How do I expand $\int e^{x^2} \, dx$? I know this cannot be finitely expanded but how can I expand it using a Taylor or a Power series? $$\int e^{x^2} \, dx=?$$
 A: $$e^x = 1 + x + \frac{x^2}{2!} + \cdots$$
$$e^{x^2} = 1 + x^2 + \frac{x^4}{2!} + \cdots$$
$$\int e^{x^2} \, dx = x+\frac{1}{3 \cdot 1!}x^3 +\frac{x^5}{5 \cdot 2!}+\cdots+C$$
A: That it can't be finitely expanded depends on which building blocks you're accepting.
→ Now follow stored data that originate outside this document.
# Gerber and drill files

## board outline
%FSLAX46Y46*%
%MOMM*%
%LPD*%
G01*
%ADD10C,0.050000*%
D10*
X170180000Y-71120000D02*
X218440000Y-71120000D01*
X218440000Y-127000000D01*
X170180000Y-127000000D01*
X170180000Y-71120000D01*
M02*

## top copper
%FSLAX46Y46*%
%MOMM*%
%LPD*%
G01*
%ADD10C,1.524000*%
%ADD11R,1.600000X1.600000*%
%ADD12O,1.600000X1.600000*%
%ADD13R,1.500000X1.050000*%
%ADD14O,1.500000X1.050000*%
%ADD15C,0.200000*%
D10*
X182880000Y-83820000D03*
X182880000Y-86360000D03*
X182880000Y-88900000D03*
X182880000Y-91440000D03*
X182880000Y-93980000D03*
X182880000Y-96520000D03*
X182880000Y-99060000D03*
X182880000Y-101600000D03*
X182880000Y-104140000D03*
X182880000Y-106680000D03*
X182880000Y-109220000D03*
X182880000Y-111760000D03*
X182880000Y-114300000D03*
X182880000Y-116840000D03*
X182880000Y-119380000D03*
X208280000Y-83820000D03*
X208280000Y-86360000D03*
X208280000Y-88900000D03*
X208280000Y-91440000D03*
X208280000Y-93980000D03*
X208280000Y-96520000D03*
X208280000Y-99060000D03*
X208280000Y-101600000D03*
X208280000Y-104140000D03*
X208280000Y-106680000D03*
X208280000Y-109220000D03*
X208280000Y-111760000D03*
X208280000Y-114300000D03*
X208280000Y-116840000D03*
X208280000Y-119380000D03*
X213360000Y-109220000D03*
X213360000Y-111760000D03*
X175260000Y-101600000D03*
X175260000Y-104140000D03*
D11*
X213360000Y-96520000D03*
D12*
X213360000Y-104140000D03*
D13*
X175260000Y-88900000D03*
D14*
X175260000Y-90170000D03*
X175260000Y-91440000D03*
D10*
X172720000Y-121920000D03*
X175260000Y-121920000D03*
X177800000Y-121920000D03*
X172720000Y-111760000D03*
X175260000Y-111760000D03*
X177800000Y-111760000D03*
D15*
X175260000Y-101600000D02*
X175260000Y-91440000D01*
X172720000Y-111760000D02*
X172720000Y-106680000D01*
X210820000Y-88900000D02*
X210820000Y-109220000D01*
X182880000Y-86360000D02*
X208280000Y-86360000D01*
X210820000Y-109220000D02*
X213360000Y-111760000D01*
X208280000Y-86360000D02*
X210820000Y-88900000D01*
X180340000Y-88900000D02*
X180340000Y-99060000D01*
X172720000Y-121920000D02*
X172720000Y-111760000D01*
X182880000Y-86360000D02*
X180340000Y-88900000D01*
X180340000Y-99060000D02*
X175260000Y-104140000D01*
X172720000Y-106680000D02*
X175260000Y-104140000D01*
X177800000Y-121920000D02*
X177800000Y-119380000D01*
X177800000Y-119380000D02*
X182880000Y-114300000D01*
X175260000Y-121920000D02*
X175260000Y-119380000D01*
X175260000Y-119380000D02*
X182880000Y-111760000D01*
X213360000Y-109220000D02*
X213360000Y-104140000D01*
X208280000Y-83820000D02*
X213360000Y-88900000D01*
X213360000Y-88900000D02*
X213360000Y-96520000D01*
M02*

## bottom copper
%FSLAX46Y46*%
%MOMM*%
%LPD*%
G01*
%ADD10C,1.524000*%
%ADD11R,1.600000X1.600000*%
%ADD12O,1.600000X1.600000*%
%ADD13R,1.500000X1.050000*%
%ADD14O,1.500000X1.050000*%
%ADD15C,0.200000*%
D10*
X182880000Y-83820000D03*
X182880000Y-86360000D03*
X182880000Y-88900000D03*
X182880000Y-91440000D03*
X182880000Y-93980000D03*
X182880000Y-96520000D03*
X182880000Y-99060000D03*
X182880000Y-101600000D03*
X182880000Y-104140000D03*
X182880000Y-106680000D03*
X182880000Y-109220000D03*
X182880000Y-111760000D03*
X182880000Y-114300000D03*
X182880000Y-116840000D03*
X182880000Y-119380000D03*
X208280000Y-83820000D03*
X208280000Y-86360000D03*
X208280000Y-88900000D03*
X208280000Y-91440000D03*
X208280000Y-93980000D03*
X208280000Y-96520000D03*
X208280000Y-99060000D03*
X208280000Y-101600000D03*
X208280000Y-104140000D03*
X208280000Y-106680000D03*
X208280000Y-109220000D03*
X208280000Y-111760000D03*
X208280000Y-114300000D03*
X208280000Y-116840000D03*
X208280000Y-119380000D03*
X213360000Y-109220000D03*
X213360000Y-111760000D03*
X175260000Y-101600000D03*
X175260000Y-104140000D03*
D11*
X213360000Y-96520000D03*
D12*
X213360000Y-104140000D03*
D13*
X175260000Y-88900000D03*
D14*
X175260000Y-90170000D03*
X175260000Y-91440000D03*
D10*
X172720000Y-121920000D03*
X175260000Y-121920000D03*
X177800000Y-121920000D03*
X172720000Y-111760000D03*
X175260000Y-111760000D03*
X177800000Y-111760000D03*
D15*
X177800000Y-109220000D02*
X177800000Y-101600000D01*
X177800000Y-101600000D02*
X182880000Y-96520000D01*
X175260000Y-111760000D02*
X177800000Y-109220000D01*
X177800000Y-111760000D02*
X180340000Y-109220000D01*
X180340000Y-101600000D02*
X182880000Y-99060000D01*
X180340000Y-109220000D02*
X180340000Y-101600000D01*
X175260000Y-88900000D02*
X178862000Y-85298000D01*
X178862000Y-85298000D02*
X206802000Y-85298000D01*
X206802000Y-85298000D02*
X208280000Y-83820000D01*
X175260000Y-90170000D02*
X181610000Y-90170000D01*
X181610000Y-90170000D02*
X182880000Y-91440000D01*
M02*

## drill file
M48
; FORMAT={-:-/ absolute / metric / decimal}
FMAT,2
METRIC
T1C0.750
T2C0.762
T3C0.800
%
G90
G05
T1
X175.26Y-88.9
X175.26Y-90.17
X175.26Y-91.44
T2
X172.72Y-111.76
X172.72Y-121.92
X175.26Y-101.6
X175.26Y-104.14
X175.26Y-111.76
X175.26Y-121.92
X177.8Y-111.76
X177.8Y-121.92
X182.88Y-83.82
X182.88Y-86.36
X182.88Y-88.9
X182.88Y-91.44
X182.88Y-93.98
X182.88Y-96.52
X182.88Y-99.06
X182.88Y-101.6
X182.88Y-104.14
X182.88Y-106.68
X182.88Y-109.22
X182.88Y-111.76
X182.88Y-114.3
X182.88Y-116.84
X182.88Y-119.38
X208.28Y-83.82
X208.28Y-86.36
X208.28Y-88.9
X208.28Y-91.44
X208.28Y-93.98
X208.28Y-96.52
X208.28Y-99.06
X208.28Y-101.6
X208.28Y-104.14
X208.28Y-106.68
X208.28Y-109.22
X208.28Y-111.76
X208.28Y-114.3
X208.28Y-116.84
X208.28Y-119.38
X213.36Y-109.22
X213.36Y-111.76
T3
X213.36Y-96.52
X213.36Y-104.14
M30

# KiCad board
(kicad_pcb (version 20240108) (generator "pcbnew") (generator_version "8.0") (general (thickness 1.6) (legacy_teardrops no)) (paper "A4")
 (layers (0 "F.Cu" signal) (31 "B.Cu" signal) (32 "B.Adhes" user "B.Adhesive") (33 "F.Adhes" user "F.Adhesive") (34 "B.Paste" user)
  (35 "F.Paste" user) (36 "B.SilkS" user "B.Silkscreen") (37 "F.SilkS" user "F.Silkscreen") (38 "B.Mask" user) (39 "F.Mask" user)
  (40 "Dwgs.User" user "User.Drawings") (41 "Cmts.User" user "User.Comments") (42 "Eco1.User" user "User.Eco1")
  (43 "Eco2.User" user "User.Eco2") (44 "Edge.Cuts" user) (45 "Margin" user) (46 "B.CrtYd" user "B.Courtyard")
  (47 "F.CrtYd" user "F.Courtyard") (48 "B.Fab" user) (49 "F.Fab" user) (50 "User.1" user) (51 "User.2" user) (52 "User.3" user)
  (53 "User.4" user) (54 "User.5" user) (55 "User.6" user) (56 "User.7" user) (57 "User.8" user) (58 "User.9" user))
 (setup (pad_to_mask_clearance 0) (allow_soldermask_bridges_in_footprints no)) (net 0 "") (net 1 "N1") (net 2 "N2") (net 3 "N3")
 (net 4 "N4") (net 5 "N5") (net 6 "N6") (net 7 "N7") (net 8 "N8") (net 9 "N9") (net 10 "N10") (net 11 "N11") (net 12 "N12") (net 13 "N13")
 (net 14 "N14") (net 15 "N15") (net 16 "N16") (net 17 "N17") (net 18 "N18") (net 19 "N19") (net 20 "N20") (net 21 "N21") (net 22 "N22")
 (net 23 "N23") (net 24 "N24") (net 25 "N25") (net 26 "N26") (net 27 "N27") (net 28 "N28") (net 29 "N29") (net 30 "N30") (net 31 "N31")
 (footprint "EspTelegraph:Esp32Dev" (layer "F.Cu") (at 195.58 83.82)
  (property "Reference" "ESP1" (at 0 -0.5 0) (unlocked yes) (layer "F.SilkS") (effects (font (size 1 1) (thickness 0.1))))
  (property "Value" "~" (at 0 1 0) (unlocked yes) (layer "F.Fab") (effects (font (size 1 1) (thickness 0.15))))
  (pad "1" thru_hole circle (at -12.7 0) (size 1.524 1.524) (drill 0.762) (layers "*.Cu" "*.Mask") (remove_unused_layers no) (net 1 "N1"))
  (pad "2" thru_hole circle (at -12.7 2.54) (size 1.524 1.524) (drill 0.762) (layers "*.Cu" "*.Mask") (remove_unused_layers no) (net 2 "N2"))
  (pad "3" thru_hole circle (at -12.7 5.08) (size 1.524 1.524) (drill 0.762) (layers "*.Cu" "*.Mask") (remove_unused_layers no) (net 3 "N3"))
  (pad "4" thru_hole circle (at -12.7 7.62) (size 1.524 1.524) (drill 0.762) (layers "*.Cu" "*.Mask") (remove_unused_layers no) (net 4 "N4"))
  (pad "5" thru_hole circle (at -12.7 10.16) (size 1.524 1.524) (drill 0.762) (layers "*.Cu" "*.Mask") (remove_unused_layers no)
   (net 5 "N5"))
  (pad "6" thru_hole circle (at -12.7 12.7) (size 1.524 1.524) (drill 0.762) (layers "*.Cu" "*.Mask") (remove_unused_layers no) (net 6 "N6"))
  (pad "7" thru_hole circle (at -12.7 15.24) (size 1.524 1.524) (drill 0.762) (layers "*.Cu" "*.Mask") (remove_unused_layers no)
   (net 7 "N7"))
  (pad "8" thru_hole circle (at -12.7 17.78) (size 1.524 1.524) (drill 0.762) (layers "*.Cu" "*.Mask") (remove_unused_layers no)
   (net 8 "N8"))
  (pad "9" thru_hole circle (at -12.7 20.32) (size 1.524 1.524) (drill 0.762) (layers "*.Cu" "*.Mask") (remove_unused_layers no)
   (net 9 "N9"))
  (pad "10" thru_hole circle (at -12.7 22.86) (size 1.524 1.524) (drill 0.762) (layers "*.Cu" "*.Mask") (remove_unused_layers no)
   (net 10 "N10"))
  (pad "11" thru_hole circle (at -12.7 25.4) (size 1.524 1.524) (drill 0.762) (layers "*.Cu" "*.Mask") (remove_unused_layers no)
   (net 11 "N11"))
  (pad "12" thru_hole circle (at -12.7 27.94) (size 1.524 1.524) (drill 0.762) (layers "*.Cu" "*.Mask") (remove_unused_layers no)
   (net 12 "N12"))
  (pad "13" thru_hole circle (at -12.7 30.48) (size 1.524 1.524) (drill 0.762) (layers "*.Cu" "*.Mask") (remove_unused_layers no)
   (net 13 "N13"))
  (pad "14" thru_hole circle (at -12.7 33.02) (size 1.524 1.524) (drill 0.762) (layers "*.Cu" "*.Mask") (remove_unused_layers no)
   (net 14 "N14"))
  (pad "15" thru_hole circle (at -12.7 35.56) (size 1.524 1.524) (drill 0.762) (layers "*.Cu" "*.Mask") (remove_unused_layers no)
   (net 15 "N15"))
  (pad "16" thru_hole circle (at 12.7 0) (size 1.524 1.524) (drill 0.762) (layers "*.Cu" "*.Mask") (remove_unused_layers no) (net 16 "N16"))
The Gaussian is that common that it's primitive function has a name of it's own:
$$\operatorname{erf}(x) = {2\over\sqrt\pi}\int_0^x e^{-t^2}dt$$
Since it's the antiderivate of $2e^{-x^2}/\sqrt\pi$ it's analytical with the McLaurin expansion
$$\operatorname{erf}(z) = {2z\over\sqrt\pi}\sum{(-1)^nz^{2n}\over n!(2n+1)}$$ 
On the other hand the antiderivate of $e^{x^2}$ is also analytical with the McLaurin expansion 
$$\int e^{x^2}dx = x\sum{x^{2n}\over n!(2n+1)}$$ 
Now consider
$$\operatorname{erf}(ix) = 
{2ix\over\sqrt\pi}\sum{(-1)^n(ix)^{2n}\over n!(2n+1)} = 
{2ix\over\sqrt\pi}\sum{(-1)^n(-1)^n(x)^{2n}\over n!(2n+1)} = 
{2ix\over\sqrt\pi}\sum{(x)^{2n}\over n!(2n+1)}$$
And compare that of the antiderivate of $e^{x^2}$ we would have:
$$\int e^{x^2}dx = {\sqrt\pi\over2i}\operatorname{erf}(ix)$$